TASK STATEMENT
After finding the line with "X134.62Y-83.82" in the data below, set down exactly each line through the one with "(44 Edge.Cuts user)", inclusive, and stop there.

[Start of section]

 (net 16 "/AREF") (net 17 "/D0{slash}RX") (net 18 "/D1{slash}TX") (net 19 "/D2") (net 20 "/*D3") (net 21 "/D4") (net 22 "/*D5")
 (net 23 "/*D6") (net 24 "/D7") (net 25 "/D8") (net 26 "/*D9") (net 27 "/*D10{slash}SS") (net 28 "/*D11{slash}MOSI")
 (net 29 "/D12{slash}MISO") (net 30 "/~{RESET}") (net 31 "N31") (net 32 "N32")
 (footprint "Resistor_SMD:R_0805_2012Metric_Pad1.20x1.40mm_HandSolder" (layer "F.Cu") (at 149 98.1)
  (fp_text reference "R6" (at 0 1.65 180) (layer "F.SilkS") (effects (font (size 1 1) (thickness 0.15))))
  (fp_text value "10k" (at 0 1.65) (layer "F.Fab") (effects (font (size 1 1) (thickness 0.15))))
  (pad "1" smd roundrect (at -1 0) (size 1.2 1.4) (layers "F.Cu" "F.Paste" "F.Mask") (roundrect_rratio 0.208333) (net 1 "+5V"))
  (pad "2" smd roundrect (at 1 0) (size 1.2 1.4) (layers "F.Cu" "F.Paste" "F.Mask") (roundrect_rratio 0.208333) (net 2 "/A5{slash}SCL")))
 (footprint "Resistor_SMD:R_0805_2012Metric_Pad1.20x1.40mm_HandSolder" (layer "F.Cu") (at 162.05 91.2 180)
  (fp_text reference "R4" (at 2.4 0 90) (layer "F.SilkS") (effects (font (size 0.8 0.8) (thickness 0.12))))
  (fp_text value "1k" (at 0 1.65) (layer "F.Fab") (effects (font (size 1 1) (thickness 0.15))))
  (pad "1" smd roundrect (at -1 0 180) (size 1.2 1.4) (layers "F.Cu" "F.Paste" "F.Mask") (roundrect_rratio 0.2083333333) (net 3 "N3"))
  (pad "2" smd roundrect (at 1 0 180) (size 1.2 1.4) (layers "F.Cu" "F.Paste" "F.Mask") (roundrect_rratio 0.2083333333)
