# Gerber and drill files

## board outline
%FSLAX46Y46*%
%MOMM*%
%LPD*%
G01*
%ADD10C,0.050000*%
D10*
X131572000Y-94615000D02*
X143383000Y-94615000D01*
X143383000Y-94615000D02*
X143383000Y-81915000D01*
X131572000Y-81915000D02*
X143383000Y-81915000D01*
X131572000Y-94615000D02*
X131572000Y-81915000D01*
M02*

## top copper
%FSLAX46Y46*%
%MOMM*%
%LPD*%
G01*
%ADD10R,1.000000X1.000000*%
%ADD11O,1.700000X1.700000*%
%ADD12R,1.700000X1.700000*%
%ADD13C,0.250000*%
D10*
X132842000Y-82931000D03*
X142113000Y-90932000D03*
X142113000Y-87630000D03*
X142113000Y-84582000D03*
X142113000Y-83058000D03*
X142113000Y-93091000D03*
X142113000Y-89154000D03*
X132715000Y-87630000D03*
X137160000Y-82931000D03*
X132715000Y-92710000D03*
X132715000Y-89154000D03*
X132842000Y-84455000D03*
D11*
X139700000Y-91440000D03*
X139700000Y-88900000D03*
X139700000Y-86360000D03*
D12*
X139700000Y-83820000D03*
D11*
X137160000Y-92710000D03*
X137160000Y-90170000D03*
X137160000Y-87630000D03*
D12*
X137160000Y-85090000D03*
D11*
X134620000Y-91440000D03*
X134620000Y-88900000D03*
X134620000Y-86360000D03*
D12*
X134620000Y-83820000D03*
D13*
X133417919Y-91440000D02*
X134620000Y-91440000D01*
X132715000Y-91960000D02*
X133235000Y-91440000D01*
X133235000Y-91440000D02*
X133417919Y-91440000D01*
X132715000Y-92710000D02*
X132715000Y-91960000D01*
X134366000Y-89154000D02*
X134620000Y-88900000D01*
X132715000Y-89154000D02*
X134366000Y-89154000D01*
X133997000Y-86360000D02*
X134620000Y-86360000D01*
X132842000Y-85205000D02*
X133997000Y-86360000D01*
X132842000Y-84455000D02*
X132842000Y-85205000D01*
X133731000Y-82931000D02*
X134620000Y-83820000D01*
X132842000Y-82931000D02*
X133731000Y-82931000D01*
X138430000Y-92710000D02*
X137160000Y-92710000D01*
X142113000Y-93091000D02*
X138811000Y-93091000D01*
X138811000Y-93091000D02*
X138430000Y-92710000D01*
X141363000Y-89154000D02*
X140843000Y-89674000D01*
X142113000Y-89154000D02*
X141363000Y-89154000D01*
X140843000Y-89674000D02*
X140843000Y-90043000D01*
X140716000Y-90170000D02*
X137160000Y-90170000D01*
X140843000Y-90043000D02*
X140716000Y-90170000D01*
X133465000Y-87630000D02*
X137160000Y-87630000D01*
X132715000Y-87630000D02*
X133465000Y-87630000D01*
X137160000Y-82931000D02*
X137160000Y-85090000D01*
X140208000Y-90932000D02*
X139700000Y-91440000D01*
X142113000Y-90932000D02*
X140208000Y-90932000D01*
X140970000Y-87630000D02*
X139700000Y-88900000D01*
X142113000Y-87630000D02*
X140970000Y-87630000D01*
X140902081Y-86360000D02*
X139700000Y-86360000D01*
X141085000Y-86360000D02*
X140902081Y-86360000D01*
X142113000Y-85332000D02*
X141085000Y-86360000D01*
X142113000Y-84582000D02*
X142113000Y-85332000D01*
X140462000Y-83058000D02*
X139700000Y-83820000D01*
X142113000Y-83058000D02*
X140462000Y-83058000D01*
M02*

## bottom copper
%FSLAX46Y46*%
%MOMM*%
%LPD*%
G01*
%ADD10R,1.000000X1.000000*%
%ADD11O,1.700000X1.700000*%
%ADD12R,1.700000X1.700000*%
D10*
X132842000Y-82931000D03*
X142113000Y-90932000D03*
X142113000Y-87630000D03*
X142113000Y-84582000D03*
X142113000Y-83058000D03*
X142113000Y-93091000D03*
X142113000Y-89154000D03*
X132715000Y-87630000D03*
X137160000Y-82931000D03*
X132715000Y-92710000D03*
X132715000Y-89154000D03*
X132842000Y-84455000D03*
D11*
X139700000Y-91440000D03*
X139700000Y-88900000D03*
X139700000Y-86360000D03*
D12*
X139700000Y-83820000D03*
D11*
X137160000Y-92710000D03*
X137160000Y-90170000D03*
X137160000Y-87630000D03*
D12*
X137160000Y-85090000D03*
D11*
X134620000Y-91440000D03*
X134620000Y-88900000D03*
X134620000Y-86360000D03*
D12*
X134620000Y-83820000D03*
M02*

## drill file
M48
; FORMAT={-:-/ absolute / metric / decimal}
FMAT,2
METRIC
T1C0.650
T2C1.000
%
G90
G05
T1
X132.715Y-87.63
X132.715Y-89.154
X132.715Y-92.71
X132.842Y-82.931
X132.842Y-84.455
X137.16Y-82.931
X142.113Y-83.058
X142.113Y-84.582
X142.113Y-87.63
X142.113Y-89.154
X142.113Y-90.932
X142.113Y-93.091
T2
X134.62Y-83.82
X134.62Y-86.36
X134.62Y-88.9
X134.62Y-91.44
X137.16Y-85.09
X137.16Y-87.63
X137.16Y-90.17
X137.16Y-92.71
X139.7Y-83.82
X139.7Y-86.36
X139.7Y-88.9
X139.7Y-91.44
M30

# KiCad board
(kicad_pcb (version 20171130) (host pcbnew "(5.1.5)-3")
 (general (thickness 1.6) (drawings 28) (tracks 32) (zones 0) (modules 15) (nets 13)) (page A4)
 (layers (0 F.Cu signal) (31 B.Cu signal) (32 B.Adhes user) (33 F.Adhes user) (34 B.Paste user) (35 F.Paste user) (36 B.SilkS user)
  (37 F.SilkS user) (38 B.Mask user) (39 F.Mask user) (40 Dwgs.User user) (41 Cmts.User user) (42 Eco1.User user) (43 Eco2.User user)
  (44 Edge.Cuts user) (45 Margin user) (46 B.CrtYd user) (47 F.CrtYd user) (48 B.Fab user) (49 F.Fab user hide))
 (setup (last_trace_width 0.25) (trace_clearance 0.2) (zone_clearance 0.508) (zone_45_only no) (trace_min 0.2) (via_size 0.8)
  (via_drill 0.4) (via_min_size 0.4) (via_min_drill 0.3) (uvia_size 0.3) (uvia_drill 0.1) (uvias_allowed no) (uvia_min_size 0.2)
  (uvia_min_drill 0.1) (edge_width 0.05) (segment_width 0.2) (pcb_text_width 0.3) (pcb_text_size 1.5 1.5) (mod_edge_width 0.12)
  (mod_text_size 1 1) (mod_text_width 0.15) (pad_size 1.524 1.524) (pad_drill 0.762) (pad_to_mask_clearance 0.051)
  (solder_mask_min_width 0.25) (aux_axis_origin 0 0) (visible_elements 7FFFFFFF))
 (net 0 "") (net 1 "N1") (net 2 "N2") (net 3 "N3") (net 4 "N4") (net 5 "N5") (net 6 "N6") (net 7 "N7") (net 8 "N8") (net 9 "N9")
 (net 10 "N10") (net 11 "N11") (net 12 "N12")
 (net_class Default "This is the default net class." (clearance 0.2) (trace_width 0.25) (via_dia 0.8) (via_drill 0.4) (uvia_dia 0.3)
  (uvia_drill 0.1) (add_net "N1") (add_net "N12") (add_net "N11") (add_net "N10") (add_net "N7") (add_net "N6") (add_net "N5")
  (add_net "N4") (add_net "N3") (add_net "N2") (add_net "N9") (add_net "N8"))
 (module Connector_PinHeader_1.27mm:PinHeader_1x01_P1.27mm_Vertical (layer F.Cu) (at 132.842 82.931)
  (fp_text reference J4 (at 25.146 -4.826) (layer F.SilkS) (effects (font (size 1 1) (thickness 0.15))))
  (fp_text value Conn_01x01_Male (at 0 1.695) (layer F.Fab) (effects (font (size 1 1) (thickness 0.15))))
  (pad 1 thru_hole rect (at 0 0) (size 1 1) (drill 0.65) (layers *.Cu *.Mask) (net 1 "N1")))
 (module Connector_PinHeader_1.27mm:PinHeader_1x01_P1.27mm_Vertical (layer F.Cu) (at 142.113 90.932)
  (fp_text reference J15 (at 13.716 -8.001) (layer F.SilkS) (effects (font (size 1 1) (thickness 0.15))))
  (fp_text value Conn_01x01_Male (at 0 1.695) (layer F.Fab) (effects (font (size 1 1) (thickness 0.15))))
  (pad 1 thru_hole rect (at 0 0) (size 1 1) (drill 0.65) (layers *.Cu *.Mask) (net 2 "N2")))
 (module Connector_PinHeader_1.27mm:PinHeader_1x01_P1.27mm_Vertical (layer F.Cu) (at 142.113 87.63)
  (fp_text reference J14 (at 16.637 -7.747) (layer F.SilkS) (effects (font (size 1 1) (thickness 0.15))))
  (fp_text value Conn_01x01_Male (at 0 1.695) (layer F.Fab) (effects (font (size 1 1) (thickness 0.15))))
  (pad 1 thru_hole rect (at 0 0) (size 1 1) (drill 0.65) (layers *.Cu *.Mask) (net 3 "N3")))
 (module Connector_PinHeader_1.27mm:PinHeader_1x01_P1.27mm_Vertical (layer F.Cu) (at 142.113 84.582)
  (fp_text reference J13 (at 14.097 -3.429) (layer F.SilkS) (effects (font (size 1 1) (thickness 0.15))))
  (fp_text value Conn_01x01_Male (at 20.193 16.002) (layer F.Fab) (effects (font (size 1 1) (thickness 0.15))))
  (pad 1 thru_hole rect (at 0 0) (size 1 1) (drill 0.65) (layers *.Cu *.Mask) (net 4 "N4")))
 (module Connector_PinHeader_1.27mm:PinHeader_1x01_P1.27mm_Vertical (layer F.Cu) (at 142.113 83.058)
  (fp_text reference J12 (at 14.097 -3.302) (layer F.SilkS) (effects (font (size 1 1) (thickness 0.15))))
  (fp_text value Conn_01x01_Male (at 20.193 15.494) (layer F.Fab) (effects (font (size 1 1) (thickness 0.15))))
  (pad 1 thru_hole rect (at 0 0) (size 1 1) (drill 0.65) (layers *.Cu *.Mask) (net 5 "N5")))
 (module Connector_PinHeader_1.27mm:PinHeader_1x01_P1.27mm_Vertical (layer F.Cu) (at 142.113 93.091)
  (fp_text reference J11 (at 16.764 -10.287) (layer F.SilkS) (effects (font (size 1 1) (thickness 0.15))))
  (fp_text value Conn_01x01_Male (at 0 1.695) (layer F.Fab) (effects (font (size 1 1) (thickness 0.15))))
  (pad 1 thru_hole rect (at 0 0) (size 1 1) (drill 0.65) (layers *.Cu *.Mask) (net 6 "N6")))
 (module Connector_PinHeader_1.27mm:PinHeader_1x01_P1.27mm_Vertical (layer F.Cu) (at 142.113 89.154)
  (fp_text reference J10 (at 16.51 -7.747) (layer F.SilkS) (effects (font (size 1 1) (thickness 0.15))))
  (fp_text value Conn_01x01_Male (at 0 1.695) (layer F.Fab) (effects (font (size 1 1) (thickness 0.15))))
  (pad 1 thru_hole rect (at 0 0) (size 1 1) (drill 0.65) (layers *.Cu *.Mask) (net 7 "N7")))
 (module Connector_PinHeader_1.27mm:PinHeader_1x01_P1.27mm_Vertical (layer F.Cu) (at 132.715 87.63)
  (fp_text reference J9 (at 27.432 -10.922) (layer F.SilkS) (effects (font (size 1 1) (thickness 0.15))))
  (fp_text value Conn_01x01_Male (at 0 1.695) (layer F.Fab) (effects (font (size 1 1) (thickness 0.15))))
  (pad 1 thru_hole rect (at 0 0) (size 1 1) (drill 0.65) (layers *.Cu *.Mask) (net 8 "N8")))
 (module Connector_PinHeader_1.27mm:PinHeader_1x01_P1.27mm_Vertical (layer F.Cu) (at 137.16 82.931)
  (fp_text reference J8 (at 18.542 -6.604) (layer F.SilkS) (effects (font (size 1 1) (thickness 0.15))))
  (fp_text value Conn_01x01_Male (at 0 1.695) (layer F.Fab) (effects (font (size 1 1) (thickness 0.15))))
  (pad 1 thru_hole rect (at 0 0) (size 1 1) (drill 0.65) (layers *.Cu *.Mask) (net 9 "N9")))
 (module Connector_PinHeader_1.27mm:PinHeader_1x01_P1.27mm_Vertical (layer F.Cu) (at 132.715 92.71)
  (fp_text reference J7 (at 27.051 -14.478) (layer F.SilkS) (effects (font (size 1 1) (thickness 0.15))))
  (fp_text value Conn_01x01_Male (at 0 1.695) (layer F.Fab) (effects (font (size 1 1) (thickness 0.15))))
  (pad 1 thru_hole rect (at 0 0) (size 1 1) (drill 0.65) (layers *.Cu *.Mask) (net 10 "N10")))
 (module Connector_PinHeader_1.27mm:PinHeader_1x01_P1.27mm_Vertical (layer F.Cu) (at 132.715 89.154)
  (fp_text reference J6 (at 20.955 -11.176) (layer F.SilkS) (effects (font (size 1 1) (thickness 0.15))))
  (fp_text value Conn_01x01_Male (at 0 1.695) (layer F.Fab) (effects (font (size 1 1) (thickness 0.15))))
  (pad 1 thru_hole rect (at 0 0) (size 1 1) (drill 0.65) (layers *.Cu *.Mask) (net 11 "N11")))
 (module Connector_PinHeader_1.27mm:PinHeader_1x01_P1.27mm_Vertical (layer F.Cu) (at 132.842 84.455)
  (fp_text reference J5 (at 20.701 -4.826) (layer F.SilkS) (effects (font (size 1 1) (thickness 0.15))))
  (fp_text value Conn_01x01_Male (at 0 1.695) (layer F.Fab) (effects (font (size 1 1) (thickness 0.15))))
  (pad 1 thru_hole rect (at 0 0) (size 1 1) (drill 0.65) (layers *.Cu *.Mask) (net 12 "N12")))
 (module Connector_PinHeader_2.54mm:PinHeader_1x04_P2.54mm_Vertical (layer F.Cu) (at 139.7 83.82)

[End of section]

SOLUTION TO THE PROBLEM
X134.62Y-83.82
X134.62Y-86.36
X134.62Y-88.9
X134.62Y-91.44
X137.16Y-85.09
X137.16Y-87.63
X137.16Y-90.17
X137.16Y-92.71
X139.7Y-83.82
X139.7Y-86.36
X139.7Y-88.9
X139.7Y-91.44
M30

# KiCad board
(kicad_pcb (version 20171130) (host pcbnew "(5.1.5)-3")
 (general (thickness 1.6) (drawings 28) (tracks 32) (zones 0) (modules 15) (nets 13)) (page A4)
 (layers (0 F.Cu signal) (31 B.Cu signal) (32 B.Adhes user) (33 F.Adhes user) (34 B.Paste user) (35 F.Paste user) (36 B.SilkS user)
  (37 F.SilkS user) (38 B.Mask user) (39 F.Mask user) (40 Dwgs.User user) (41 Cmts.User user) (42 Eco1.User user) (43 Eco2.User user)
  (44 Edge.Cuts user) (45 Margin user) (46 B.CrtYd user) (47 F.CrtYd user) (48 B.Fab user) (49 F.Fab user hide))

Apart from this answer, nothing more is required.